▶ _Exercise instructions_:
Within the entries below, find the portion that opens with the line containing "no) (net 15" and closes with the line containing "(at 22.86 5.3". Retype that portion exactly and only.
*** Opening Task input ***
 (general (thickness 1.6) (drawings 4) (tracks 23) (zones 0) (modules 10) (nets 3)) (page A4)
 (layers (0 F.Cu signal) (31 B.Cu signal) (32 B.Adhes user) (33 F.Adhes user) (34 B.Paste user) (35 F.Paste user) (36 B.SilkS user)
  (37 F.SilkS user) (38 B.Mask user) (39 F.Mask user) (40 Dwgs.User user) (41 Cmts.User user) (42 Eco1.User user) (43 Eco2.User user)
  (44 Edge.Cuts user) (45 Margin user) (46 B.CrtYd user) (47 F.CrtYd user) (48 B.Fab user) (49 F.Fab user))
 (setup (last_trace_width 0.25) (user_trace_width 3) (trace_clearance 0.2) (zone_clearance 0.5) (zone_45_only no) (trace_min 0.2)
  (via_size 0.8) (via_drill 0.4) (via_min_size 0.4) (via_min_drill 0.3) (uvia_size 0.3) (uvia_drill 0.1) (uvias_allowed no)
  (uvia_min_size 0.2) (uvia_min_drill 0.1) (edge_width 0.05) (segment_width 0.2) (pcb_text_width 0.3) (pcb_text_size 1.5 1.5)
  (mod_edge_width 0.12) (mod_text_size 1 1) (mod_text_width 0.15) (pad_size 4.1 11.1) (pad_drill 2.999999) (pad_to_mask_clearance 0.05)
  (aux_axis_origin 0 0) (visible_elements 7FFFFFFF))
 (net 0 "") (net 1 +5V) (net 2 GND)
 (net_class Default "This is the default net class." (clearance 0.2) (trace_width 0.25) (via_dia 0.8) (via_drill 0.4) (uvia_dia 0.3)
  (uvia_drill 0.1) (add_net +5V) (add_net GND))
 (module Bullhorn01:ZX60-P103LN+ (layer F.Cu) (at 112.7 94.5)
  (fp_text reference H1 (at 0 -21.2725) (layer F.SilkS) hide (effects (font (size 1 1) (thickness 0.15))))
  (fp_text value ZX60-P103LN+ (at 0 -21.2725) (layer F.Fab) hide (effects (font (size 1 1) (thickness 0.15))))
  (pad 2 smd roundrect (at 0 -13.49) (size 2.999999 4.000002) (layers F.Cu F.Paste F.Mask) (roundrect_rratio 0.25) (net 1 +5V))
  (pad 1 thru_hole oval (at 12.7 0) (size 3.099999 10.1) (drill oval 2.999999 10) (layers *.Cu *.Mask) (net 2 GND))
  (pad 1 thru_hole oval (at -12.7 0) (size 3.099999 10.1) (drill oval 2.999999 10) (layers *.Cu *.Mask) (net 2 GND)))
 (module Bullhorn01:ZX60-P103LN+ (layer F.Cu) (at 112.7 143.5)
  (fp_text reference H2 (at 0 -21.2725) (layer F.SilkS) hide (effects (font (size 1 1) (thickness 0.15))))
*** Closing Task input ***
*** Opening Task input ***
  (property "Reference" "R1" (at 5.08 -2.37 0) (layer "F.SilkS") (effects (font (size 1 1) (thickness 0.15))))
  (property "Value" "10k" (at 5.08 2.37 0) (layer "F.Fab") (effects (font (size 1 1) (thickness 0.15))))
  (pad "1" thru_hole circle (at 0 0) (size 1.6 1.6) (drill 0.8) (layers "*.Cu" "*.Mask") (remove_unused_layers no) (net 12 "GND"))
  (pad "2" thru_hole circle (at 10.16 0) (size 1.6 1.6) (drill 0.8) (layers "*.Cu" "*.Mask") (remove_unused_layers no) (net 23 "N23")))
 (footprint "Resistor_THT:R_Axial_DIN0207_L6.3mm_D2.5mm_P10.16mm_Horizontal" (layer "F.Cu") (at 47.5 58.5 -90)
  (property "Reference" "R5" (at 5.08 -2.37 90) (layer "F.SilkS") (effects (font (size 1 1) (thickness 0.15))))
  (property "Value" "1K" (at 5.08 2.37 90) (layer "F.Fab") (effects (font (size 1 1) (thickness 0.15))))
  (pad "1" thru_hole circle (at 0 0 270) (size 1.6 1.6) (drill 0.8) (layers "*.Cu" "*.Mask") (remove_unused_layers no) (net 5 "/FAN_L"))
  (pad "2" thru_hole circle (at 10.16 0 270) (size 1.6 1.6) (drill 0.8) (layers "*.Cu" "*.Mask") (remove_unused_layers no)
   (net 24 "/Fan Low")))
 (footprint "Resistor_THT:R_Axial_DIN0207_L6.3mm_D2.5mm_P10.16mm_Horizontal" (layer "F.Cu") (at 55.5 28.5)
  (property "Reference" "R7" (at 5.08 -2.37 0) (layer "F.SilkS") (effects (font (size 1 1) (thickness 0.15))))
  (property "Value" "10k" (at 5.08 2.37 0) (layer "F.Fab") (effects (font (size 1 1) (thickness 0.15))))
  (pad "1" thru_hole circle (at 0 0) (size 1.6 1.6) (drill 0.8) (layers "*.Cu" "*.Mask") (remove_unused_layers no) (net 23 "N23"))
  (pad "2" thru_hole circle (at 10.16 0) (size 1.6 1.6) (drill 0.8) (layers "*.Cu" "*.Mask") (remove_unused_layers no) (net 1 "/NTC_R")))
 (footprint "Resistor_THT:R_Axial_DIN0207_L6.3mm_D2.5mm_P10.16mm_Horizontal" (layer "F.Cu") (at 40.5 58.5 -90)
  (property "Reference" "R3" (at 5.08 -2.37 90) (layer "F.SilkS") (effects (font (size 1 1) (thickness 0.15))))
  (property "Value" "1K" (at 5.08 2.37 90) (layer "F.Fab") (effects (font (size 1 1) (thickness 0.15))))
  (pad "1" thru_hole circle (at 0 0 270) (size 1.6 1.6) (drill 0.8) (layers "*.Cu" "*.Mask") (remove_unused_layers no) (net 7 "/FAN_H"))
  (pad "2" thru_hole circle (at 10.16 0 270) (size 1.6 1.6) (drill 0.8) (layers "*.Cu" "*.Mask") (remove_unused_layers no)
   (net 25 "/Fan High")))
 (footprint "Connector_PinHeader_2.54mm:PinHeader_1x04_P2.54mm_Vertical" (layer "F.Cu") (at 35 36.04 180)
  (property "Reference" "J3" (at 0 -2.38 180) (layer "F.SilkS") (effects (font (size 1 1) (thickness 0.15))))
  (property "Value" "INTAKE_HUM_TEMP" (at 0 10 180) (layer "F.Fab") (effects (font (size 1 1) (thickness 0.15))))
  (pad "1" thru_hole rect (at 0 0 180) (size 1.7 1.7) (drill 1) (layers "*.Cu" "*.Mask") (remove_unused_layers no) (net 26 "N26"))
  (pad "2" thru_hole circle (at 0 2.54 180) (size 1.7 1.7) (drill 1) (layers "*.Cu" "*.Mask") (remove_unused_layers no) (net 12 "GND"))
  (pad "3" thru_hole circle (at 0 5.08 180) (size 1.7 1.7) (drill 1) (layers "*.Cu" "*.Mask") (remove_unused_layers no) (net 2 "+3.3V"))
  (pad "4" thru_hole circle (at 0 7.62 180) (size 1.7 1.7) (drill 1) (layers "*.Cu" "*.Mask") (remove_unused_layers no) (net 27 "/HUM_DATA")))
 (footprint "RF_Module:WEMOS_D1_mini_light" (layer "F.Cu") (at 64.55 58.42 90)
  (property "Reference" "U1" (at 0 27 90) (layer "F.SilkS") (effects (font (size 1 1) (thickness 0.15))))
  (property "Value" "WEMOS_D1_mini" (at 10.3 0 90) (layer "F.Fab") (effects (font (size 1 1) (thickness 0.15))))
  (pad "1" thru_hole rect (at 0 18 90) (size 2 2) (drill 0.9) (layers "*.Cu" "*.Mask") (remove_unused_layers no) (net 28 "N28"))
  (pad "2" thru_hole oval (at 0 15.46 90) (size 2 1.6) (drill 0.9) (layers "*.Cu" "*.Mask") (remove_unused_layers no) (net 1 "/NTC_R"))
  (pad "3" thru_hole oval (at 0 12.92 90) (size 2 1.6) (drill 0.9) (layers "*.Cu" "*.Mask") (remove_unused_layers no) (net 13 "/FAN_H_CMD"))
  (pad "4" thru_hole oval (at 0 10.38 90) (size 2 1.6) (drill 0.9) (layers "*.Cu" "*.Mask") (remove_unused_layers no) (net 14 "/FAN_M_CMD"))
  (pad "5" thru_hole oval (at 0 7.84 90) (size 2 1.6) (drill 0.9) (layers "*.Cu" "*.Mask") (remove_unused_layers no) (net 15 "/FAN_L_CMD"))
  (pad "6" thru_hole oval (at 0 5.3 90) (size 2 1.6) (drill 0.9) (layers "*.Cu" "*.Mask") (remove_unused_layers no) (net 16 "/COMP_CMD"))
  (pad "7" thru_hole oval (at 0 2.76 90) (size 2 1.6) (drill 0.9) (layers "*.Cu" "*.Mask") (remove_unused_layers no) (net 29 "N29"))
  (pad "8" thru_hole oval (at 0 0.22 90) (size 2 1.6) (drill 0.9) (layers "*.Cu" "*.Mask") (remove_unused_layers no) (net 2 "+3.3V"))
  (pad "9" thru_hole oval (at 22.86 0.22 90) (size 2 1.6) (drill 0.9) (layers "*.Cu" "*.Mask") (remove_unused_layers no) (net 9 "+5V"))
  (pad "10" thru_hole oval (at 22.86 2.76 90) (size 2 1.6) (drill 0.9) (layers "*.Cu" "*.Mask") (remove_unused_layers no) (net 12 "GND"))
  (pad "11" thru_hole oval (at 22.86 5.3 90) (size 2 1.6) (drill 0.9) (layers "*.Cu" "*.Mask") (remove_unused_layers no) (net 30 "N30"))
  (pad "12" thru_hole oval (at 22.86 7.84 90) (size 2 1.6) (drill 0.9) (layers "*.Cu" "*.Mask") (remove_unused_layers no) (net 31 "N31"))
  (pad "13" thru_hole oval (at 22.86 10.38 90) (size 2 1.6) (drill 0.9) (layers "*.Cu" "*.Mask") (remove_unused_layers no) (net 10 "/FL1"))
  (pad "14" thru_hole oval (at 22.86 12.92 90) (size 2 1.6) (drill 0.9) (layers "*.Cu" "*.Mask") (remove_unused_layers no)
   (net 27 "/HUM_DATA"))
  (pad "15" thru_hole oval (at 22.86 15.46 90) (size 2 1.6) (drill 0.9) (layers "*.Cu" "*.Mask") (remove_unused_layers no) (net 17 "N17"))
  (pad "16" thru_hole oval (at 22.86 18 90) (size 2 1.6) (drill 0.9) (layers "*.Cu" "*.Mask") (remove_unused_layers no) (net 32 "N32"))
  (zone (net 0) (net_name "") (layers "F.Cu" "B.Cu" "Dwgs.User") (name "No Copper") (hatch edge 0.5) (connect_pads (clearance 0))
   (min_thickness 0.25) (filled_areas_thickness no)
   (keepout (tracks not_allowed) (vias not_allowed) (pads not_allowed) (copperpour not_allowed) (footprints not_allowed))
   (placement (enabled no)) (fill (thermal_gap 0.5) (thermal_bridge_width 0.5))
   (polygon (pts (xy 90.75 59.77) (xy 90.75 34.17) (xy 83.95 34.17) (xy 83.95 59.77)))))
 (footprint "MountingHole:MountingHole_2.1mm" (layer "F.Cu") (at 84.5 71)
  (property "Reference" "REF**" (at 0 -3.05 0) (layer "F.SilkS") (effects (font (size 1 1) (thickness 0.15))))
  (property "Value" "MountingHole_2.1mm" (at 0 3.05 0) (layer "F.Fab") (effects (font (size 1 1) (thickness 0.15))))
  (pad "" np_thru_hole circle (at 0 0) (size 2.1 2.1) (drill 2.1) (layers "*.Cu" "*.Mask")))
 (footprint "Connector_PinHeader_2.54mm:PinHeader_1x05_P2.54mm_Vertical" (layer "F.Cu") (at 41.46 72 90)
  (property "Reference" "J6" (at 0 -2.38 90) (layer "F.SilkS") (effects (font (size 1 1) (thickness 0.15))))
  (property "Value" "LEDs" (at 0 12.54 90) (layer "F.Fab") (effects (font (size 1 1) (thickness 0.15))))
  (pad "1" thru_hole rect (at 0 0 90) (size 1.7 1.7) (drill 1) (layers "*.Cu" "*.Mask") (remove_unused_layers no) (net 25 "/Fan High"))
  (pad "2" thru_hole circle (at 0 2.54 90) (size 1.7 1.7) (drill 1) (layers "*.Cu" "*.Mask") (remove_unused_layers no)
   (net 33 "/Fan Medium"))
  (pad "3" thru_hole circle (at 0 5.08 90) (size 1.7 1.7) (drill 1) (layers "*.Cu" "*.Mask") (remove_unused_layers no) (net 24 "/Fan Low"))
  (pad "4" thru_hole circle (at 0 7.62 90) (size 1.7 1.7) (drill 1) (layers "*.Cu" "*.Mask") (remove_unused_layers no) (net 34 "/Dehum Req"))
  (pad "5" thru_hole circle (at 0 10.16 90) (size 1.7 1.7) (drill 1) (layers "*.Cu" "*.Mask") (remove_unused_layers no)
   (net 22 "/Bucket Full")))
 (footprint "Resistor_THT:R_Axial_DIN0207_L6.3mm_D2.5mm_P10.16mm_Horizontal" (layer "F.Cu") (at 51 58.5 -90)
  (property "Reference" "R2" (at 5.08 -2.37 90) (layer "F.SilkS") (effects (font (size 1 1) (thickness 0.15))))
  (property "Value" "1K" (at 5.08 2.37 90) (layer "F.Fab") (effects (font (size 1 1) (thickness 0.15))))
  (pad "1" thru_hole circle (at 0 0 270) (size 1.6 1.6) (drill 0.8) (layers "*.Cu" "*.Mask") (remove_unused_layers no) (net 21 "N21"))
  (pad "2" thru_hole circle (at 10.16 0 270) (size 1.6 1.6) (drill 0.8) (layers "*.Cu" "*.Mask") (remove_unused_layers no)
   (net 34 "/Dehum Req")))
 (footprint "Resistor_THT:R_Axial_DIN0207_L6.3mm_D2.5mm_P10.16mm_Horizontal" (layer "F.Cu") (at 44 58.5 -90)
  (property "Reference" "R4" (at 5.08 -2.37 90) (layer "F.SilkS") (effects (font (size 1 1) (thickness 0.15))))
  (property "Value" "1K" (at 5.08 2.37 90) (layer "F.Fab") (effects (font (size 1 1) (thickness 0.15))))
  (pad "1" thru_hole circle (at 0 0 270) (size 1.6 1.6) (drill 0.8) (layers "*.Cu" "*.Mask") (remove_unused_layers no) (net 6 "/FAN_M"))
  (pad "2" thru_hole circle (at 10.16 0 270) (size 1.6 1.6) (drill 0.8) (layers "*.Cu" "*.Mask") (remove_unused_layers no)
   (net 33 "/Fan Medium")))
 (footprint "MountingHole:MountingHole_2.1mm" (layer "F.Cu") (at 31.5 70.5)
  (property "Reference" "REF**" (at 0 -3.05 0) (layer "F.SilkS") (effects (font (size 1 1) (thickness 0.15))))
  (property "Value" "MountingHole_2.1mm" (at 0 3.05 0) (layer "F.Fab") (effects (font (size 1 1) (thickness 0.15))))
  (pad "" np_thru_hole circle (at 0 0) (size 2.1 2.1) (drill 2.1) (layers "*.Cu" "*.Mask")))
*** Closing Task input ***
▶ _Answer to the exercise_:
  (pad "5" thru_hole oval (at 0 7.84 90) (size 2 1.6) (drill 0.9) (layers "*.Cu" "*.Mask") (remove_unused_layers no) (net 15 "/FAN_L_CMD"))
  (pad "6" thru_hole oval (at 0 5.3 90) (size 2 1.6) (drill 0.9) (layers "*.Cu" "*.Mask") (remove_unused_layers no) (net 16 "/COMP_CMD"))
  (pad "7" thru_hole oval (at 0 2.76 90) (size 2 1.6) (drill 0.9) (layers "*.Cu" "*.Mask") (remove_unused_layers no) (net 29 "N29"))
  (pad "8" thru_hole oval (at 0 0.22 90) (size 2 1.6) (drill 0.9) (layers "*.Cu" "*.Mask") (remove_unused_layers no) (net 2 "+3.3V"))
  (pad "9" thru_hole oval (at 22.86 0.22 90) (size 2 1.6) (drill 0.9) (layers "*.Cu" "*.Mask") (remove_unused_layers no) (net 9 "+5V"))
  (pad "10" thru_hole oval (at 22.86 2.76 90) (size 2 1.6) (drill 0.9) (layers "*.Cu" "*.Mask") (remove_unused_layers no) (net 12 "GND"))
  (pad "11" thru_hole oval (at 22.86 5.3 90) (size 2 1.6) (drill 0.9) (layers "*.Cu" "*.Mask") (remove_unused_layers no) (net 30 "N30"))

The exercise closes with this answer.